Yargıtay Kararı 3. Hukuk Dairesi 2017/10912 E. 2018/12057 K. 26.11.2018 T.

YARGITAY KARARI
DAİRE : 3. Hukuk Dairesi
ESAS NO : 2017/10912
KARAR NO : 2018/12057
KARAR TARİHİ : 26.11.2018

MAHKEMESİ :ASLİYE HUKUK MAHKEMESİ

Taraflar arasındaki itirazın iptali davasının mahkemece yapılan yargılaması sonucunda, davanın kabulüne yönelik olarak verilen hükmün, süresi içinde davalılar vekili tarafından temyiz edilmesi üzerine; temyiz dilekçesinin kabulüne karar verildikten sonra, dosya içerisindeki kağıtlar okunup gereği düşünüldü:

Y A R G I T A Y K A R A R I

Davacı, davalı emlakçılar ile evinin satılması konusunda görüştüğünü, davalıların dava dışı alıcıdan aldıkları 40.000.00.-TL yi ellerinde tuttuklarını, evin devrinin yapıldığını, kendisine yeni ev aradığını, davalıların dava dışı …’in evini bulduklarını, ellerindeki 40.000.00.-TL yi bu kişiye peşinat olarak verdiklerini söylediklerini, davalıların bu bedeli evin sahibine vermediklerini, bedelini ödeyerek evi satınaldığını, suç duyurusunda bulunduğunu, icra takibi yaptığını, itiraz edildiğini ileri sürerek itirazın iptaline ve icra inkar tazminatına karar verilmesini talep etmiştir.
Davalılar, davacıdan alacaklı olduklarını, iddiayı yazılı belge ile ispatlayabileceğini, tanığa onayları olmadığını belirterek davanın reddini istemişlerdir.
Mahkemece, davanın kabulüne ,itirazın iptaline ve asıl alacağın % 20 si oranında icra inkar tazminatı alınmasına karar verilmiş, hüküm davalılar vekili tarafından temyiz edilmiştir.
Türk Medeni Kanunu’nun 6. maddesi hükmü uyarınca kanunda aksine bir hüküm bulunmadıkça taraflardan her biri hakkını dayandırdığı olguların varlığını kanıtlamakla yükümlüdür.
Gerek doktrinde, gerek Yargıtay içtihatlarında kabul edildiği üzere ispat yükü hayatın olağan akışına aykırı durumu iddia eden ya da savunmada bulunan kimseye düşer.
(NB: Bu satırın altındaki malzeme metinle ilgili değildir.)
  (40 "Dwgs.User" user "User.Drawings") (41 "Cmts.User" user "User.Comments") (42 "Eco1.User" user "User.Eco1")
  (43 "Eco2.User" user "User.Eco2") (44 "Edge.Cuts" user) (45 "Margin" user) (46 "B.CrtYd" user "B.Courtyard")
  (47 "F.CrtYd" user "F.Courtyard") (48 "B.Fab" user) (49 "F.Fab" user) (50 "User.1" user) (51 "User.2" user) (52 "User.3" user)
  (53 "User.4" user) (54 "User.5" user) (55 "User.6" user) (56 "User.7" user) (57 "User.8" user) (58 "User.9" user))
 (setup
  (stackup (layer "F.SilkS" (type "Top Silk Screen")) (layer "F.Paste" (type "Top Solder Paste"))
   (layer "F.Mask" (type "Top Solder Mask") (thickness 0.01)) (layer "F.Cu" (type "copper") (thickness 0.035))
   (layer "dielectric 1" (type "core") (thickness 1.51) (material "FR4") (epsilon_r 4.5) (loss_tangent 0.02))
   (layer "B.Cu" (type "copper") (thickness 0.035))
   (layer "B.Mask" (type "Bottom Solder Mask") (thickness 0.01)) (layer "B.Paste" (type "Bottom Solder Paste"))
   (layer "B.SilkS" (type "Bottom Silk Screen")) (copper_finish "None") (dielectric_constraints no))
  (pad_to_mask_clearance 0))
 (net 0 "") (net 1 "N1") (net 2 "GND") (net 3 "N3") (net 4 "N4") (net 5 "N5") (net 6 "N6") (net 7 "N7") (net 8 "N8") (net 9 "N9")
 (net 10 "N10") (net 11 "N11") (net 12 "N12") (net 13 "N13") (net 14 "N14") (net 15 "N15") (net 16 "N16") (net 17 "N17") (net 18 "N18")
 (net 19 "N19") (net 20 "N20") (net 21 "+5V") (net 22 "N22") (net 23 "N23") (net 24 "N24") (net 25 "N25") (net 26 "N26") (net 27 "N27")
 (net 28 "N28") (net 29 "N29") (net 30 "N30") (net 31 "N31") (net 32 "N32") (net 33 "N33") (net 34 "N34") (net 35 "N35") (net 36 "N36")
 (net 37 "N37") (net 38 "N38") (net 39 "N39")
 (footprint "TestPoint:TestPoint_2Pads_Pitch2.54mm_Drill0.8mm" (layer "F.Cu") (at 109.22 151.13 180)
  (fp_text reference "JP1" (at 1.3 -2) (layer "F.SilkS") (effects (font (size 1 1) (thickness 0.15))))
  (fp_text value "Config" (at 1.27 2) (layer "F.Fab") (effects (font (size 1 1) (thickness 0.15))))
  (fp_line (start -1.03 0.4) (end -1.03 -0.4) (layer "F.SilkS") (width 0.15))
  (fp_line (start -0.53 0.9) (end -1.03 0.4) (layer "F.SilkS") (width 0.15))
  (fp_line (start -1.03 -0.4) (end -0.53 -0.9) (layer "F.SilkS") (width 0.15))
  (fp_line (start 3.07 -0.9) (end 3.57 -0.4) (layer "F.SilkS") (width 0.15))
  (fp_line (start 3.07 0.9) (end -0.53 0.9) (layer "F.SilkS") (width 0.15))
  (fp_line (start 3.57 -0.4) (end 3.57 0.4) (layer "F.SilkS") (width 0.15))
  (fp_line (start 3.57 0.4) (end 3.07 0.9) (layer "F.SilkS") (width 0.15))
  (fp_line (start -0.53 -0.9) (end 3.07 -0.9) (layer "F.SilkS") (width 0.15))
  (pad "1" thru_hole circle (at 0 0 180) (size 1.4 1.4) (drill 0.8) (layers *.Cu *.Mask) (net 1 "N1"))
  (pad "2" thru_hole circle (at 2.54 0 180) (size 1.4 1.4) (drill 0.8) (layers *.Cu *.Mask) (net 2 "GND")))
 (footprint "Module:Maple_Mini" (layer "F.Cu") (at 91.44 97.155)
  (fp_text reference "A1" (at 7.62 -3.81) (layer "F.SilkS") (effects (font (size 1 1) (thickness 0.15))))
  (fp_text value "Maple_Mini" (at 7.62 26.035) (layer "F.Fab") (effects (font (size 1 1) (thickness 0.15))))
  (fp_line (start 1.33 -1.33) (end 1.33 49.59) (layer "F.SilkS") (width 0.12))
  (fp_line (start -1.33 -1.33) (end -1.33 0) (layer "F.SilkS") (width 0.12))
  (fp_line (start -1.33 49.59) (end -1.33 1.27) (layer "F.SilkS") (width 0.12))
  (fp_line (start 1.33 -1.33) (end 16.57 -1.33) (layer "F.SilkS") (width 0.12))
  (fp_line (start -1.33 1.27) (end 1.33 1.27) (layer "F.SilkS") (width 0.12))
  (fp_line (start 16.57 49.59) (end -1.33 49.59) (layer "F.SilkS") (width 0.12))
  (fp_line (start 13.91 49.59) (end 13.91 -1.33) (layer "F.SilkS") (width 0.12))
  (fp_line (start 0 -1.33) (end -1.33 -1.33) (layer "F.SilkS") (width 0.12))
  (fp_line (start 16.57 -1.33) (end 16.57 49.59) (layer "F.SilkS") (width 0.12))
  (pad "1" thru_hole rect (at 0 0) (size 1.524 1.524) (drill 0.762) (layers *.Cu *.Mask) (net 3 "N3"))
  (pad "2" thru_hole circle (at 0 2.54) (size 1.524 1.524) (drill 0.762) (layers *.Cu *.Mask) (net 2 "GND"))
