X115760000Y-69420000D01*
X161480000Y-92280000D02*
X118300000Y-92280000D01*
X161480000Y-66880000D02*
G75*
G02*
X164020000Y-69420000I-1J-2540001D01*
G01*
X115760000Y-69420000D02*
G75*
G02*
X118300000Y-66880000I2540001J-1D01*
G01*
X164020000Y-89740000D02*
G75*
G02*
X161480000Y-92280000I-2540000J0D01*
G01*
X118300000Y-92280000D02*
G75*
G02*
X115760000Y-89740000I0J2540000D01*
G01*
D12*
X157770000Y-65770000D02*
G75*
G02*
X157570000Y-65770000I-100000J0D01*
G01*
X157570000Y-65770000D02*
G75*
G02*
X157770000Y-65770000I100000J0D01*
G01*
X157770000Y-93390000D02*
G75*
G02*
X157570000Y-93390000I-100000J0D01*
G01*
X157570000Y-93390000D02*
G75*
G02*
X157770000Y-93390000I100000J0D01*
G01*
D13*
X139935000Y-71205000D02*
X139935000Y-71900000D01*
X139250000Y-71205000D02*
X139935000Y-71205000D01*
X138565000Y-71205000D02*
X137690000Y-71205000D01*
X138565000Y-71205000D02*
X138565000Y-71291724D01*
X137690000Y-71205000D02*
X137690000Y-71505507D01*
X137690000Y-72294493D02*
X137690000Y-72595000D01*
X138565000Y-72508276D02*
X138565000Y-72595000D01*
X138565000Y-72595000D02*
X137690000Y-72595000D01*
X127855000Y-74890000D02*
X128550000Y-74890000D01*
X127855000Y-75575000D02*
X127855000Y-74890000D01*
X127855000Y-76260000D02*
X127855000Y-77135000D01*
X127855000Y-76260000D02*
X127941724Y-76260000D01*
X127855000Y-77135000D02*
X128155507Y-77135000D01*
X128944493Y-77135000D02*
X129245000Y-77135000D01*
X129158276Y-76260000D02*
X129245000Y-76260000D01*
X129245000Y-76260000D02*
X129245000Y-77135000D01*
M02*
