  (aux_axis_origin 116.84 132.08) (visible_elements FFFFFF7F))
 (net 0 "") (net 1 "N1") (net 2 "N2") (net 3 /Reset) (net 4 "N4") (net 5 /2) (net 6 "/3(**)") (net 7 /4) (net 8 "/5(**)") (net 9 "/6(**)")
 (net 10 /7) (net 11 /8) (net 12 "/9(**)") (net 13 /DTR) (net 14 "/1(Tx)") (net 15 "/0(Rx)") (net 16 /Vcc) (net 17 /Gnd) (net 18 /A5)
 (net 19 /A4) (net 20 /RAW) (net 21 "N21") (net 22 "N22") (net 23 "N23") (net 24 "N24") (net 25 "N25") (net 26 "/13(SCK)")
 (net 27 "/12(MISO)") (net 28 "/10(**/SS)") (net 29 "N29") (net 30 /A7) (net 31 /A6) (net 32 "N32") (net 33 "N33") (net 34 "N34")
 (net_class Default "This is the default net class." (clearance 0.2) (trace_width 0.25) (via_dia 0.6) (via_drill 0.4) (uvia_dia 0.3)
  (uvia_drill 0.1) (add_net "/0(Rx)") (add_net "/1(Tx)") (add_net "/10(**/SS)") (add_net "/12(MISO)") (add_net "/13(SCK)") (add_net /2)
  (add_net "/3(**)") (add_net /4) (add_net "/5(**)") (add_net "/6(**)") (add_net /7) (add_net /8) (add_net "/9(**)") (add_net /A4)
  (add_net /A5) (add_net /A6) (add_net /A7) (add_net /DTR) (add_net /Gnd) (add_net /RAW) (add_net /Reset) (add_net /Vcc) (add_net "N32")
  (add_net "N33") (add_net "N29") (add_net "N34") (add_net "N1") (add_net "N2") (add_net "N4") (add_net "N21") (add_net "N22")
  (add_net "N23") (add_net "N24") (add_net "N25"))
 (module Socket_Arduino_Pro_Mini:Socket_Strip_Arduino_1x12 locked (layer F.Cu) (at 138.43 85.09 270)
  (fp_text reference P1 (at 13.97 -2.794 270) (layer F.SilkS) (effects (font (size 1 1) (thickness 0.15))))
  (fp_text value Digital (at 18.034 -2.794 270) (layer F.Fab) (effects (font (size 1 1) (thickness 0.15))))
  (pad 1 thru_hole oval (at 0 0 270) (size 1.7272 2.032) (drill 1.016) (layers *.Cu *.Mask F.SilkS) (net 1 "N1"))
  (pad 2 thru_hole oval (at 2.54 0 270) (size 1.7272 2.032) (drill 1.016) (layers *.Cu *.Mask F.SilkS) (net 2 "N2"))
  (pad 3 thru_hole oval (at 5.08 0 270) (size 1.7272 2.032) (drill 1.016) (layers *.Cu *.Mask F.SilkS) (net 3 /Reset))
Öte yandan ileri sürdüğü bir olaydan kendi yararına haklar çıkarmak isteyen kimsenin iddia ettiği olayları kanıtlaması gerekir.
Somut olayda, davalıların hizmet nedeni ile güveni kötüye kullanmak suçundan yargılandıkları ve eylemin suç olmaması nedeni ile beraat ettikleri, mahkemece davacının tanık dinletme talebinin reddedildiği, Ceza Mahkemesinde dinlenen tanık beyanlarına dayanılarak davanın kabul edildiği anlaşılmaktadır. Davacının dayandığı, davalılar tarafından imzalanmış olan, davalı …’ın dava dışı …’e 40.000.00.- TL yi 20 nisan itibari ile ödeyeceğine ilişkin belge de davacının iddiaları yönünden yazılı delil başlangıcı olarak kabul edilmemiştir .
Anılan nedenlerle davada ispat yükü davacıda olduğuna göre, 15/12/2015 tarihli delil dilekçesinde yemin deliline de dayanan davacıya davasını ispat imkanı tanınarak sonucuna göre karar verilmesi gerekirken yanılgılı değerlendirme ile yazılı şekilde karar verilmesi kararın bozulmasını gerektirmiştir .
SONUÇ: Yukarıda açıklanan nedenlerle hükmün HUMK’nun 428. maddesi gereğince davalılar yararına BOZULMASINA ve peşin alınan temyiz harcının istek halinde temyiz edene iadesine, 6100 sayılı HMK’nun geçici madde 3 atfıyla 1086 sayılı HUMK.nun 440.maddesi gereğince kararın tebliğinden itibaren 15 günlük süre içerisinde karar düzeltme yolu açık olmak üzere, 26/11/2018 tarihinde oy birliğiyle karar verildi.